*WHAT YOU ARE ASKED TO DO*:
Give back exactly the stretch of data below from the line holding "(at -3.048 -3.683" through the line holding "(at -3.048 5.08", both ends included, and leave the remaining lines out.

*GIVEN ENTRIES*:
⁂

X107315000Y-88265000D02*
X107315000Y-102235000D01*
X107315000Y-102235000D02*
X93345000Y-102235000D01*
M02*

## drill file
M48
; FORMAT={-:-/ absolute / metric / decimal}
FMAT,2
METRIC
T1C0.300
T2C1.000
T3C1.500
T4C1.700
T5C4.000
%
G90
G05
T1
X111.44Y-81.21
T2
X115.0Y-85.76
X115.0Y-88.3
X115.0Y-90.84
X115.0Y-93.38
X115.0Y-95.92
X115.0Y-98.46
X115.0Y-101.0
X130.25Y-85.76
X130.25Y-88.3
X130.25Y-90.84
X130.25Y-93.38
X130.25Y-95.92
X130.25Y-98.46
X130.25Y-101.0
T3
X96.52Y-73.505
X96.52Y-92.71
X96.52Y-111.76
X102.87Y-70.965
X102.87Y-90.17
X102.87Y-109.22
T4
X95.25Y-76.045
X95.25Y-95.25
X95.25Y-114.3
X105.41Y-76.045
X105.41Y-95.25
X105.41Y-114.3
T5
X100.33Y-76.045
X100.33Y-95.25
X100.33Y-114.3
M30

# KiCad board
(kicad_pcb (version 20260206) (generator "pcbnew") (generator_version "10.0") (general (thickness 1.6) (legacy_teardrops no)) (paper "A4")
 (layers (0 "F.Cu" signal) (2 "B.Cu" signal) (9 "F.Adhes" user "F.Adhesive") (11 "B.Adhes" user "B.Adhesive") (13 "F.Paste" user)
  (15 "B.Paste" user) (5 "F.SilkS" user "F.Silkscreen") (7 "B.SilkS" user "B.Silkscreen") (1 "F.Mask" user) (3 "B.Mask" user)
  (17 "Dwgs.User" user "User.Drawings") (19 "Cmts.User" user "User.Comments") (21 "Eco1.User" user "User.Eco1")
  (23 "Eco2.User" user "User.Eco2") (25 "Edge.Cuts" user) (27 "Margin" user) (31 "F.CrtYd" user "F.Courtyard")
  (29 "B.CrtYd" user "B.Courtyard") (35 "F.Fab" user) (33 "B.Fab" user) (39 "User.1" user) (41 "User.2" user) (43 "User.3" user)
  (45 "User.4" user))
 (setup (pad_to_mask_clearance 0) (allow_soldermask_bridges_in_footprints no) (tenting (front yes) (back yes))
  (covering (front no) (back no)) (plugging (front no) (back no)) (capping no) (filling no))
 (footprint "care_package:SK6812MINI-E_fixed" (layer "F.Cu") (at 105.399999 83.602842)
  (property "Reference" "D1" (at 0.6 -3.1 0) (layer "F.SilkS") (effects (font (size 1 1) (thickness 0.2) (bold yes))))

⁂

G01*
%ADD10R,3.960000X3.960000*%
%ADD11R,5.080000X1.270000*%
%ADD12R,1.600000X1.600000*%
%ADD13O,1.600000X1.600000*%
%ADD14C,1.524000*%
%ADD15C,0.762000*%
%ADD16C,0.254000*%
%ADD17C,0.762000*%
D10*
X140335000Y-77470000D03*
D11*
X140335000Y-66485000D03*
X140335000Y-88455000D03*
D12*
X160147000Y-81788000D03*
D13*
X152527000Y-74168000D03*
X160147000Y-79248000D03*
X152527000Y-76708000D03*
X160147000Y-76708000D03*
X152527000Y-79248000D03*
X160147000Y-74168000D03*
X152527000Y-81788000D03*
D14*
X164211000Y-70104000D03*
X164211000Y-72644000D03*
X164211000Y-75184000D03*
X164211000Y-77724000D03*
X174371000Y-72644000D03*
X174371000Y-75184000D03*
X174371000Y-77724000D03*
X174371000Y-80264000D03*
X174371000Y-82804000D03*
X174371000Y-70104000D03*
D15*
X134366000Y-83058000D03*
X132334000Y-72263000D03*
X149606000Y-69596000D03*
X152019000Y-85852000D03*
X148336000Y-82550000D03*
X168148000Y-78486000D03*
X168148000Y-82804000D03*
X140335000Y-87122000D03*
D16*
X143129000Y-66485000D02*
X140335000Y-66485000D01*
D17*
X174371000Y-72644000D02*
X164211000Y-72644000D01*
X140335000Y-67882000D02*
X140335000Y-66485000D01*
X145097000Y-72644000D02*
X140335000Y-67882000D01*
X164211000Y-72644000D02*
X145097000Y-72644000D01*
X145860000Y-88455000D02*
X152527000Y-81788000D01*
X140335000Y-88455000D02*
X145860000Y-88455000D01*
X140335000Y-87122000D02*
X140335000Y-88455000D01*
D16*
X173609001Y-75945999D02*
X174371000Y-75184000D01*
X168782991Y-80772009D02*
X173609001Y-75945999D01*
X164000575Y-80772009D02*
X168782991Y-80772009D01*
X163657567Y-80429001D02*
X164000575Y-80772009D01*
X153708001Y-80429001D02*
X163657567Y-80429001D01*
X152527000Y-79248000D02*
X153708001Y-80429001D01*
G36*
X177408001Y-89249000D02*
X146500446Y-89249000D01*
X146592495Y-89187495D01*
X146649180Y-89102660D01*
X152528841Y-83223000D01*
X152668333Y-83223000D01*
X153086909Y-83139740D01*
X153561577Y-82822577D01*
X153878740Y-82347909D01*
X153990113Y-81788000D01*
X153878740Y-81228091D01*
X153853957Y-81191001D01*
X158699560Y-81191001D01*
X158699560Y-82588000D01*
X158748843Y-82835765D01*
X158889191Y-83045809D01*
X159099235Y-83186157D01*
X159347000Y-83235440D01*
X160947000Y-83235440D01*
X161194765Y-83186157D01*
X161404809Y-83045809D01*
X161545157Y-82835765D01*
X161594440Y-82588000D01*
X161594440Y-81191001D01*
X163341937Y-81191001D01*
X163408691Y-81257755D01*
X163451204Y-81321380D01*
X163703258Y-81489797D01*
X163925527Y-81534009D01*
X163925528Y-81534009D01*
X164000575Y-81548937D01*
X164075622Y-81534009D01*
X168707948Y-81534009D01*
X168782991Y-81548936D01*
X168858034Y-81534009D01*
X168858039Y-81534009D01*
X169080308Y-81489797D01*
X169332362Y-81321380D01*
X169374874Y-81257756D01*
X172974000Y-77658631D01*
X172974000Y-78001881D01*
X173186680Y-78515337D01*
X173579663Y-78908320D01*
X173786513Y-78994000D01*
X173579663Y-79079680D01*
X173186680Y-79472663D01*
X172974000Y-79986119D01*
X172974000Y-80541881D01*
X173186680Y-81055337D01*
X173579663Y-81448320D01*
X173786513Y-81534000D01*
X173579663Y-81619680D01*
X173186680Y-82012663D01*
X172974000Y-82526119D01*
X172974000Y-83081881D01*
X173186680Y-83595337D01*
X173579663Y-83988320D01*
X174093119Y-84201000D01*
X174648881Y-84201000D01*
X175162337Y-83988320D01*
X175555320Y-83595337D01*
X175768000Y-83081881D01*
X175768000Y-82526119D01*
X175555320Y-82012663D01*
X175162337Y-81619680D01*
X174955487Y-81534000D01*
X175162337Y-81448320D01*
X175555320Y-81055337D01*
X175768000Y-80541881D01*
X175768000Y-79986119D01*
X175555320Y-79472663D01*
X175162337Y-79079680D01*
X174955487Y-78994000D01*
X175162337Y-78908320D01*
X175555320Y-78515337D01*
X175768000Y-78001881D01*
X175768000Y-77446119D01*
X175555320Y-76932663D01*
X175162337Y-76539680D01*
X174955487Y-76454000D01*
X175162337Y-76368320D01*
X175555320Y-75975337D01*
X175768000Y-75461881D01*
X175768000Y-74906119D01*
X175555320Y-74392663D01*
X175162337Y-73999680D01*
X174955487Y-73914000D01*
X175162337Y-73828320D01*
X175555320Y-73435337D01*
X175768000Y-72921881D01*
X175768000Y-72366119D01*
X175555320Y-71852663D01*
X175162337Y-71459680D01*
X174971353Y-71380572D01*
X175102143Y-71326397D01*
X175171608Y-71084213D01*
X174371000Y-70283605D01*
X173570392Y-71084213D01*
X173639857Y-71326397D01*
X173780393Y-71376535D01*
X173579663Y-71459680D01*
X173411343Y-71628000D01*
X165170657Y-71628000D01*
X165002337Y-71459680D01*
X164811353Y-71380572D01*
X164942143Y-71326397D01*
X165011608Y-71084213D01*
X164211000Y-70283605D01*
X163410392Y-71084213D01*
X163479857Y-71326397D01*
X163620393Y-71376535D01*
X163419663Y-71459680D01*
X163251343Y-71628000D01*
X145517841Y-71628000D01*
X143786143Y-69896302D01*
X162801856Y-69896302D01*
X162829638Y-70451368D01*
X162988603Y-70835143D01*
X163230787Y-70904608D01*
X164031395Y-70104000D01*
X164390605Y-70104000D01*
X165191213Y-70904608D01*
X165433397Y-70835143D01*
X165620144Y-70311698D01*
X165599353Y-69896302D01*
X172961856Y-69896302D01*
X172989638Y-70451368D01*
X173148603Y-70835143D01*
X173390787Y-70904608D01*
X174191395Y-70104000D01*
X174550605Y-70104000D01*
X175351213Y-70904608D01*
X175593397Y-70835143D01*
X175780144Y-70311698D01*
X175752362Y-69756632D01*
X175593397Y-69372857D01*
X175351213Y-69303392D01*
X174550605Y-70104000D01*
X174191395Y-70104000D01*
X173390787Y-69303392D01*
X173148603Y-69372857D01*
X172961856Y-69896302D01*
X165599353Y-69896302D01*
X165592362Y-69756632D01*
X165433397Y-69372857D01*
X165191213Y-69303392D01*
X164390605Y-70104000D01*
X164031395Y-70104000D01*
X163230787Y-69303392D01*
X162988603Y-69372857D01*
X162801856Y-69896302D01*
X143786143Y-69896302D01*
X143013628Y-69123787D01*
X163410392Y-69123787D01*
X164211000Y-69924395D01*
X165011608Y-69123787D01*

⁂

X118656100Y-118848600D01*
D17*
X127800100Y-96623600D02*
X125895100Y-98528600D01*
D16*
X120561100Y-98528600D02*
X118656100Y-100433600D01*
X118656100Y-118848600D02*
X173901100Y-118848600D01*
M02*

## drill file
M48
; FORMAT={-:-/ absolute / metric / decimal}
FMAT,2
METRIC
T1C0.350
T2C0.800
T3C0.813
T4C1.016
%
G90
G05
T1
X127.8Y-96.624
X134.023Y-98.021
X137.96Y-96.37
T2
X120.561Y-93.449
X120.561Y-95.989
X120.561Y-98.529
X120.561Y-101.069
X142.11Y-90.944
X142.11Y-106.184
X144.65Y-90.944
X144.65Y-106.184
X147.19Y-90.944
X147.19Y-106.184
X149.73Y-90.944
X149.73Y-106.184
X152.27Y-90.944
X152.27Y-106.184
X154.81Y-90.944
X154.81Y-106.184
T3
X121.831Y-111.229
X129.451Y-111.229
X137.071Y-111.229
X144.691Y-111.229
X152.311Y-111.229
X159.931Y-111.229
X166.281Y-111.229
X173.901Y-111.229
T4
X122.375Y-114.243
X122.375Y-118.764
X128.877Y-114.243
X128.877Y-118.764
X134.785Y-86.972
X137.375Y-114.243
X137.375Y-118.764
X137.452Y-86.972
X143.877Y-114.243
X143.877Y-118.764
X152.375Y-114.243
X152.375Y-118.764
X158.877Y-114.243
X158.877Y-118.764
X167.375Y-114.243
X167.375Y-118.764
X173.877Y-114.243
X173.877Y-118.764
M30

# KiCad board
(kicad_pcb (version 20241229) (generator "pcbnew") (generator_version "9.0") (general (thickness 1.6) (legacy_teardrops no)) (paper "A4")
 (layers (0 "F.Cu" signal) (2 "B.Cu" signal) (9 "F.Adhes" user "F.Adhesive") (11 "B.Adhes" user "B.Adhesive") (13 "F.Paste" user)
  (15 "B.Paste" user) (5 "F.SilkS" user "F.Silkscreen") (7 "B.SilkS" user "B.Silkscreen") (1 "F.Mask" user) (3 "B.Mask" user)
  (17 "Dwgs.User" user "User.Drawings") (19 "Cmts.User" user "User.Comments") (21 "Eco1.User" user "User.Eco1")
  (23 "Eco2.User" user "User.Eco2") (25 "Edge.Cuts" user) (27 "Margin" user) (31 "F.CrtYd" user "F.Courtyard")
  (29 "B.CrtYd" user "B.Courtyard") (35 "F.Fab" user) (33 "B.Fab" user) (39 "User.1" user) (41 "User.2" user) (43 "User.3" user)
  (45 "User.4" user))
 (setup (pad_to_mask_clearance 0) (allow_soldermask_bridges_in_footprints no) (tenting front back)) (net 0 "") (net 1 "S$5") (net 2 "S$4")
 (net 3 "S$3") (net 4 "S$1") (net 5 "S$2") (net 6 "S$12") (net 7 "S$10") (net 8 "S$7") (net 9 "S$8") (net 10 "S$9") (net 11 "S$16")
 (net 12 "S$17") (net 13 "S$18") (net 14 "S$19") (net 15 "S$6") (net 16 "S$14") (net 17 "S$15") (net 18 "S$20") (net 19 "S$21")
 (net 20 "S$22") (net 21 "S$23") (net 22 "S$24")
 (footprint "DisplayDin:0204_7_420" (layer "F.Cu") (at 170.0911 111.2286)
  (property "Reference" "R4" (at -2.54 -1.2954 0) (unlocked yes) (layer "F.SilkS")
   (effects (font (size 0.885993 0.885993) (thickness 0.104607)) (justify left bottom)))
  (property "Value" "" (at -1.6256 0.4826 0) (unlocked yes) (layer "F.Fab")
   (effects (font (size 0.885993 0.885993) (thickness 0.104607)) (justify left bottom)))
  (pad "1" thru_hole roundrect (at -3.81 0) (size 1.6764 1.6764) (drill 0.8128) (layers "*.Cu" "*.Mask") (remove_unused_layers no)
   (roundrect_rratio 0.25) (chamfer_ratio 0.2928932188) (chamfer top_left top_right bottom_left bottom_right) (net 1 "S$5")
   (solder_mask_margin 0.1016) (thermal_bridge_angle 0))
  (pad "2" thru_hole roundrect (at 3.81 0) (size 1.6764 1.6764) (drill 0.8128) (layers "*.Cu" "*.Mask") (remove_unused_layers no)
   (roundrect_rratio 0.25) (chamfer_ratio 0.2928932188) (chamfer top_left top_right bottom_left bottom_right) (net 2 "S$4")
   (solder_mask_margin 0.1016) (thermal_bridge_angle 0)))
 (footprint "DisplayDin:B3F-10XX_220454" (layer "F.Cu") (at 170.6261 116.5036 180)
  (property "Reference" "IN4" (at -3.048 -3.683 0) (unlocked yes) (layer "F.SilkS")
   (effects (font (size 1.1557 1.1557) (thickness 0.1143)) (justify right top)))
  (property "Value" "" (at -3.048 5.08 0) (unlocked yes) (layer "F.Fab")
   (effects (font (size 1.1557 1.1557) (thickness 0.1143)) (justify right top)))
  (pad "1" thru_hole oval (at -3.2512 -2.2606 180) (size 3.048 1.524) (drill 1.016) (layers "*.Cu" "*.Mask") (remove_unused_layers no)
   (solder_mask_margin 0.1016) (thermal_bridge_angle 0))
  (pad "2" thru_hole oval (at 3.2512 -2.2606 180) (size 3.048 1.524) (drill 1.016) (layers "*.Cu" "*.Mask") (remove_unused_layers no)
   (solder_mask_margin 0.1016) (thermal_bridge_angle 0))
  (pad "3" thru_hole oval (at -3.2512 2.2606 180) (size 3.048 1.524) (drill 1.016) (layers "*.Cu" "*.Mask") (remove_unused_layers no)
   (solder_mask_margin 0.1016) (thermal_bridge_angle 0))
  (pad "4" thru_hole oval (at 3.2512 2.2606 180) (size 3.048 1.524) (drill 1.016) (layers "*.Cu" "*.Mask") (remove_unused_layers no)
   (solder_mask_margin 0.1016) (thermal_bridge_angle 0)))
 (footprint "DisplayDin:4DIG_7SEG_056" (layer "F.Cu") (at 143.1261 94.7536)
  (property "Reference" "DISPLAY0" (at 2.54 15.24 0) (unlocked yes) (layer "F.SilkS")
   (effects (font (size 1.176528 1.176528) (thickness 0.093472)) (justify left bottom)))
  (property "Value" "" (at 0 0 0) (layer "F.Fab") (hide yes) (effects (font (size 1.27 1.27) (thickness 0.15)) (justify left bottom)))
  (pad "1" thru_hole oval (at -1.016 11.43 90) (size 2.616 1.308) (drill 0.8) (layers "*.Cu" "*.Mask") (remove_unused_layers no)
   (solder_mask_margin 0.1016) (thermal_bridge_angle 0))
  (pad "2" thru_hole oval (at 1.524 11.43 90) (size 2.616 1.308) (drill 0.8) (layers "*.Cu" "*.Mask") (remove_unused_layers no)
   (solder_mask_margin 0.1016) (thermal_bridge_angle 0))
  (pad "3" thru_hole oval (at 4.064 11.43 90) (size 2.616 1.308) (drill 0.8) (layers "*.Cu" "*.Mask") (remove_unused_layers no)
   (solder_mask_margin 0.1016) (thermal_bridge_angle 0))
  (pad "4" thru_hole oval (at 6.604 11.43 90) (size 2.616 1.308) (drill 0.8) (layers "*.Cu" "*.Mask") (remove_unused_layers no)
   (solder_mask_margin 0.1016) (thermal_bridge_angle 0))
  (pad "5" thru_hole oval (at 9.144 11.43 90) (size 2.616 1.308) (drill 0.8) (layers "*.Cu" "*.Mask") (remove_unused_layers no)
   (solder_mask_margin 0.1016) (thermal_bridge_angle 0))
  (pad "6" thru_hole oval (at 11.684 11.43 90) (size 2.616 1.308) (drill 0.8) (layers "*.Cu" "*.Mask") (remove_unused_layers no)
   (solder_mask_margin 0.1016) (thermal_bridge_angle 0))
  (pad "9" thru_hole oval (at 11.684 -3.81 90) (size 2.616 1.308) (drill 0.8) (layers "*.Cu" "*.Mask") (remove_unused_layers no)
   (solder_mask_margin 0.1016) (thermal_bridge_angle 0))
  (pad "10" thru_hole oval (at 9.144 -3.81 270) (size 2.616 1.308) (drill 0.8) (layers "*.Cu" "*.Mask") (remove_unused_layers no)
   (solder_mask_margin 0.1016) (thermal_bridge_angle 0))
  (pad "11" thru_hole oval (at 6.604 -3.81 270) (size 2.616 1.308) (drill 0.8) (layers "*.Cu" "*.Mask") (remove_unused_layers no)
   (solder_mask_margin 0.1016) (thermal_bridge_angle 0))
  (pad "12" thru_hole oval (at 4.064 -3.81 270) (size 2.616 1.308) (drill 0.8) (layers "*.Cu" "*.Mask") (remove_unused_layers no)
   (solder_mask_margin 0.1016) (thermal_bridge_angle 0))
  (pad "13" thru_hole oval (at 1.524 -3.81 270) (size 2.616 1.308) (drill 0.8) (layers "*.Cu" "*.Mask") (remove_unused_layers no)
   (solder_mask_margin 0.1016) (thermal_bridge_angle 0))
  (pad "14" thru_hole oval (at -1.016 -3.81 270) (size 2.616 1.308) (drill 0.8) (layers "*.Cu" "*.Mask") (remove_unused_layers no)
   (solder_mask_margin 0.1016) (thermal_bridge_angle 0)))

⁂

*REPLY*:
  (property "Reference" "IN4" (at -3.048 -3.683 0) (unlocked yes) (layer "F.SilkS")
   (effects (font (size 1.1557 1.1557) (thickness 0.1143)) (justify right top)))
  (property "Value" "" (at -3.048 5.08 0) (unlocked yes) (layer "F.Fab")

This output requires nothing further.